Christmas day finally arrives and, despite constant reminders, I am crestfallen to discover that there is no Nintendo 64 among the gifts furnished by my mother that morning. Still, there isn’t much time to sulk, as my brother and I are hurriedly dressed in now too-small sweaters given by relatives last year and carted off to grandma’s house for dinner and more gifts. Jenny sits across the table from me, talking excitedly about the gifts she has received so far, and I loathe her as much as any child is capable of loathing.
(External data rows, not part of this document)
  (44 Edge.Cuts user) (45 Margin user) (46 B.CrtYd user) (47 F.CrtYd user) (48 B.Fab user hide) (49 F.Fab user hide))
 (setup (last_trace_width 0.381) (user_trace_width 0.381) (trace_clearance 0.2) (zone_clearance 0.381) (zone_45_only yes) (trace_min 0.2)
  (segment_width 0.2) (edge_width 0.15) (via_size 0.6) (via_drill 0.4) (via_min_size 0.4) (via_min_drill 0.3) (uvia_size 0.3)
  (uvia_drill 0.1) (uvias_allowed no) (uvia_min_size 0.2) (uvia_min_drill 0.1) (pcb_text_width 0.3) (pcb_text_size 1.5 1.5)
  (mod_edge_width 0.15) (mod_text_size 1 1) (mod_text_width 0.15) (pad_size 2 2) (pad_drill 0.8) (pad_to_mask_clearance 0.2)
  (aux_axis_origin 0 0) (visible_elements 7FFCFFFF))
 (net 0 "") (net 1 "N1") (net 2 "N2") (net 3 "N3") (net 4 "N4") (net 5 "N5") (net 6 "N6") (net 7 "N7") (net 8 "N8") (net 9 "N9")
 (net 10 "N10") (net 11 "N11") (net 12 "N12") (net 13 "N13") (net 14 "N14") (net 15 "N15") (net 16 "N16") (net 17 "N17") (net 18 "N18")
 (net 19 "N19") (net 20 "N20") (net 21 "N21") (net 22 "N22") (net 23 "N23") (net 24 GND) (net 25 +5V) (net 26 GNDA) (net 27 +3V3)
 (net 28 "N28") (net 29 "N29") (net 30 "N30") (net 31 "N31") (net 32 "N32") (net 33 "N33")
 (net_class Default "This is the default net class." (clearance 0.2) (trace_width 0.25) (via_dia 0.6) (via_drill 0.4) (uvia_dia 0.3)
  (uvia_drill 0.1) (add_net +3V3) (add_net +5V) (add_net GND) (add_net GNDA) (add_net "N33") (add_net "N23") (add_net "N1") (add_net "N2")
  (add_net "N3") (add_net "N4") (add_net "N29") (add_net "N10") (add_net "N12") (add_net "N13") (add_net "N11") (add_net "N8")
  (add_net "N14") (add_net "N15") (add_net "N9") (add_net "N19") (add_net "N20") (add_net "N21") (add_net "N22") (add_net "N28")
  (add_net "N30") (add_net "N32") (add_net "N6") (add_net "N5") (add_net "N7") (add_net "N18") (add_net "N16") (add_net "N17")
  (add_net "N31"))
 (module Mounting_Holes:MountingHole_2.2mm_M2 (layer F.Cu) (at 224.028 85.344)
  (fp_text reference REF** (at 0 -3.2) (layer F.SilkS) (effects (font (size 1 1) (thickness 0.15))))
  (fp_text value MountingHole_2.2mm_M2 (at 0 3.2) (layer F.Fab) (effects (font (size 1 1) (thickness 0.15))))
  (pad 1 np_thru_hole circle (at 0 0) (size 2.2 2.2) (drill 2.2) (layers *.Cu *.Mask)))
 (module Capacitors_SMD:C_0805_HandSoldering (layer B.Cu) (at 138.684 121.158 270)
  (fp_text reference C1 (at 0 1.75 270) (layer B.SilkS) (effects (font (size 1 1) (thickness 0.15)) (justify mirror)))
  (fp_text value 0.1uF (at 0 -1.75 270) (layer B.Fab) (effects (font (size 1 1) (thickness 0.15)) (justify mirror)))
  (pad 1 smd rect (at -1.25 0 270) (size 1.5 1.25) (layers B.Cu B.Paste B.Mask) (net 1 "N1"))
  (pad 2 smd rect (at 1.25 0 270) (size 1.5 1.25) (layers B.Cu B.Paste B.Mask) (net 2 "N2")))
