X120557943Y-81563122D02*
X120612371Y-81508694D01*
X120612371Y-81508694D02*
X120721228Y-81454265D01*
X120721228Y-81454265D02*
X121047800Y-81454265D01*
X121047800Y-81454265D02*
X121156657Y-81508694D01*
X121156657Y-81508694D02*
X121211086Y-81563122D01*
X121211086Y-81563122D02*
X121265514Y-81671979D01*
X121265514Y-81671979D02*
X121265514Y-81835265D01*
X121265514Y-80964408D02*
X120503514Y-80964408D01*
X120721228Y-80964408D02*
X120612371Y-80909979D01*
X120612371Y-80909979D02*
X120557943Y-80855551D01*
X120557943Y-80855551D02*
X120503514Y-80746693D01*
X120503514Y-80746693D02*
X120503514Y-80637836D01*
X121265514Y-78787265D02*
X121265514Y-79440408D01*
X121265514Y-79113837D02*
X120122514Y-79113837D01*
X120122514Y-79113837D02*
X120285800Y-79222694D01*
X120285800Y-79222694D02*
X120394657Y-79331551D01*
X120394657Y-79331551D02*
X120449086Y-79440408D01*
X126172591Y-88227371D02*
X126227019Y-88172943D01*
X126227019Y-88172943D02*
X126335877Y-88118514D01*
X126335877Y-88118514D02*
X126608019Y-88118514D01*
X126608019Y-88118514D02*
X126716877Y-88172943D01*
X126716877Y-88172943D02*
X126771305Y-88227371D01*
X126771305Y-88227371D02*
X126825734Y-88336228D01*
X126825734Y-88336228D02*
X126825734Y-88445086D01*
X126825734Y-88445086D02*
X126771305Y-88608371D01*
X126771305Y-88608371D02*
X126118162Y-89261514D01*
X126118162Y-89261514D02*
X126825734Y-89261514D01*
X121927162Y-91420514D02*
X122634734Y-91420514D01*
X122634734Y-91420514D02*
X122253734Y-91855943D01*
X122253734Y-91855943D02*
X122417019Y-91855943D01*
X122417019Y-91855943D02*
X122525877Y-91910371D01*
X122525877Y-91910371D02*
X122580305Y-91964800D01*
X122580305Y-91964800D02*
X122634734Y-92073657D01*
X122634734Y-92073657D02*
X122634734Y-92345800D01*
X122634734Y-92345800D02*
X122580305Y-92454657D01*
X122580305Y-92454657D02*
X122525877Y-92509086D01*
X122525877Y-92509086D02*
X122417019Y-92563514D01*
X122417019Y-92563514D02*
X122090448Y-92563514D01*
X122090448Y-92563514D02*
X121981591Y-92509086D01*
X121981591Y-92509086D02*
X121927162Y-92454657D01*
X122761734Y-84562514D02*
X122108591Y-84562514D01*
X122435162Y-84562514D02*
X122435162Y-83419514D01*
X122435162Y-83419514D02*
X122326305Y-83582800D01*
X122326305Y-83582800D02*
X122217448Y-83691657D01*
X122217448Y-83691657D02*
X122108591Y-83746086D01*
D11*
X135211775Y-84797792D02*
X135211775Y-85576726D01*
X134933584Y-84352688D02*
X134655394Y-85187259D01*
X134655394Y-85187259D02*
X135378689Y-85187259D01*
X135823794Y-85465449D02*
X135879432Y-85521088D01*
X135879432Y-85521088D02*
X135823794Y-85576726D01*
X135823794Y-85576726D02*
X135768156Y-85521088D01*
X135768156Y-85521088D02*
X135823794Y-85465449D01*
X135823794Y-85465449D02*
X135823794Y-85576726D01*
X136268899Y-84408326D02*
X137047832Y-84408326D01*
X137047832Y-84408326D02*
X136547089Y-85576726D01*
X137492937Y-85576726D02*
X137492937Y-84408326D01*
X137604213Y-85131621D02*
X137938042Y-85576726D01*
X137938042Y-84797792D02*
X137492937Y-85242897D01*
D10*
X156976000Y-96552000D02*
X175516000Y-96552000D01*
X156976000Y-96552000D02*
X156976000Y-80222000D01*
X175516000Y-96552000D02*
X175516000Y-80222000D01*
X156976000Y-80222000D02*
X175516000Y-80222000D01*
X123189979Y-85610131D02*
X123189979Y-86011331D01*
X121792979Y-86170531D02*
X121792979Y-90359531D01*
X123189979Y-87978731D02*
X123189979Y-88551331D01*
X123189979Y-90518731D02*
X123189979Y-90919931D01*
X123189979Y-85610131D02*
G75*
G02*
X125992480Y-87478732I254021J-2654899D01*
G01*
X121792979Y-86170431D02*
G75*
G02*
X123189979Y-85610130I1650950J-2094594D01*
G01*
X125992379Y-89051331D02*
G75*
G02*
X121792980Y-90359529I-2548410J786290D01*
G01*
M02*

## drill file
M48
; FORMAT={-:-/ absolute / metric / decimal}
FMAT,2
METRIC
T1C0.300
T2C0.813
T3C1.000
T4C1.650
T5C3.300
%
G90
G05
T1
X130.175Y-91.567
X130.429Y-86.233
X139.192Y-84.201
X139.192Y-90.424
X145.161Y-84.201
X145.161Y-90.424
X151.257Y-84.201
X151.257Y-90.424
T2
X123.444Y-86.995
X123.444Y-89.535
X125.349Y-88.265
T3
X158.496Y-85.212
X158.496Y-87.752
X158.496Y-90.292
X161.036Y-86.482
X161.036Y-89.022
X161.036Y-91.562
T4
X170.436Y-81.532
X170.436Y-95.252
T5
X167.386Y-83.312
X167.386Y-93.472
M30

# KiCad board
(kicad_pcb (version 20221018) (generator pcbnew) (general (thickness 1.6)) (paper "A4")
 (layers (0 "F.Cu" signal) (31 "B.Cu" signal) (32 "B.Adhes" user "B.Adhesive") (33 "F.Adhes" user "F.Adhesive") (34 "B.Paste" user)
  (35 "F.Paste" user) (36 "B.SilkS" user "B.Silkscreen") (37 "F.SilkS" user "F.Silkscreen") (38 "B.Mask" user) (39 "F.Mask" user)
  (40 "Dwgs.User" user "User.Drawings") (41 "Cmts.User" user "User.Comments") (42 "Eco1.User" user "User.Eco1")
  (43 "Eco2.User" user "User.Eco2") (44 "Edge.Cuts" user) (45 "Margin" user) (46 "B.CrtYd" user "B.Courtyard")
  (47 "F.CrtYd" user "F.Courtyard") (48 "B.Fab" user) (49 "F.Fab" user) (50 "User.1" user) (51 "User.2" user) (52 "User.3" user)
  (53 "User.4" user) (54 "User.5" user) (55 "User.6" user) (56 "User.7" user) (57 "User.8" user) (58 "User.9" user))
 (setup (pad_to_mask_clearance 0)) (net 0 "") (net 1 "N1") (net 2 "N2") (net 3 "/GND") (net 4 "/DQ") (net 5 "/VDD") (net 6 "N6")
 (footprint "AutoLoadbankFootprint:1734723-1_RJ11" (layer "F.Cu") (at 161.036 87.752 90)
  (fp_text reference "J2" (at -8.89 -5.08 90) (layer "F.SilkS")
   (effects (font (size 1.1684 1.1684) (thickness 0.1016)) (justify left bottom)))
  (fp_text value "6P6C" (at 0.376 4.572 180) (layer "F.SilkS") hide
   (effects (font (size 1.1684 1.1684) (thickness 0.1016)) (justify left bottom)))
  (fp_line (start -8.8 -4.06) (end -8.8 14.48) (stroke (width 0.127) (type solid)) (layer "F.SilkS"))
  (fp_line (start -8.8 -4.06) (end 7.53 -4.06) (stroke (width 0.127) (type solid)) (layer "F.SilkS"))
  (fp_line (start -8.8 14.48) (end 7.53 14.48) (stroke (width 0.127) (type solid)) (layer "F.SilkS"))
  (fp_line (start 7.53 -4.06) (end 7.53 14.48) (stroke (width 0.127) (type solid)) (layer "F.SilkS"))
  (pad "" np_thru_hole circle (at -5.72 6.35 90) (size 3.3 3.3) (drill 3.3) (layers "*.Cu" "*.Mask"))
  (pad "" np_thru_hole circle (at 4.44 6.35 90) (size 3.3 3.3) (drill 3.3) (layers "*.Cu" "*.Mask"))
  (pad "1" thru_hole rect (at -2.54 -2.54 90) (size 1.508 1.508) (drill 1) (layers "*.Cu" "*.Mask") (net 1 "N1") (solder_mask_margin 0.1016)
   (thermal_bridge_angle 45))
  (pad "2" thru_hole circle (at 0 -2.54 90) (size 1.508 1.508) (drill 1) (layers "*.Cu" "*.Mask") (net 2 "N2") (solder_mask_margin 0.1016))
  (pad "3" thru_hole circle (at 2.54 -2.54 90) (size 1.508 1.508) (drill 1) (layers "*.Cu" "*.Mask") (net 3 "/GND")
A thimble’s worth really, but still I loathed away.
We move to the living room, and my grandma and grandpa begin to distribute presents to the kids with concerted sluggishness. Each trip back from the kitchen produces a few more small presents—too small to be a Nintendo 64—that are placed around every cousin, including Jenny, while my brother and I watch, gift-less. Finally, my grandma comes out one last time with a large, rectangular box wrapped in bright red paper, and places it in front of me and my brother.
“Sorry for tricking you,” she offers with a wink.
I can’t believe it; grandma, herself a bastion of hope and truth, a woman who never met me without a cookie or candy bar in tow, had tricked me. My brother and I feverishly stripped the box of its paper before hugging. There, but of course, was the Nintendo 64. “The Fun Machine” was ours. When we return home, my mom presents us with two more gifts: a copy of Super Mario 64 and an extra controller.
***
It wasn’t until years later that I put together why my grandma had purchased us such an elaborate gift while my other cousins received clothes and checks for $25. She had bought it for us because my mom, a single mother working two jobs to support us, couldn’t. It was as simple as that. I haven’t worked up the courage to ask whose idea that was, but I have a feeling my grandma orchestrated it; my mother is certainly too proud to ask for someone’s help, especially in buying her kids Christmas gifts.
I think about that Christmas each year. About the absolute joy of receiving exactly what I wanted, as well as the love my grandma exhibited in helping my mom provide that for me. Tegan won’t remember this year’s Christmas the way I will, but I hope one day I can give her a memory like this; a brilliant memory of a day she can always look to and think “my dad loves me.”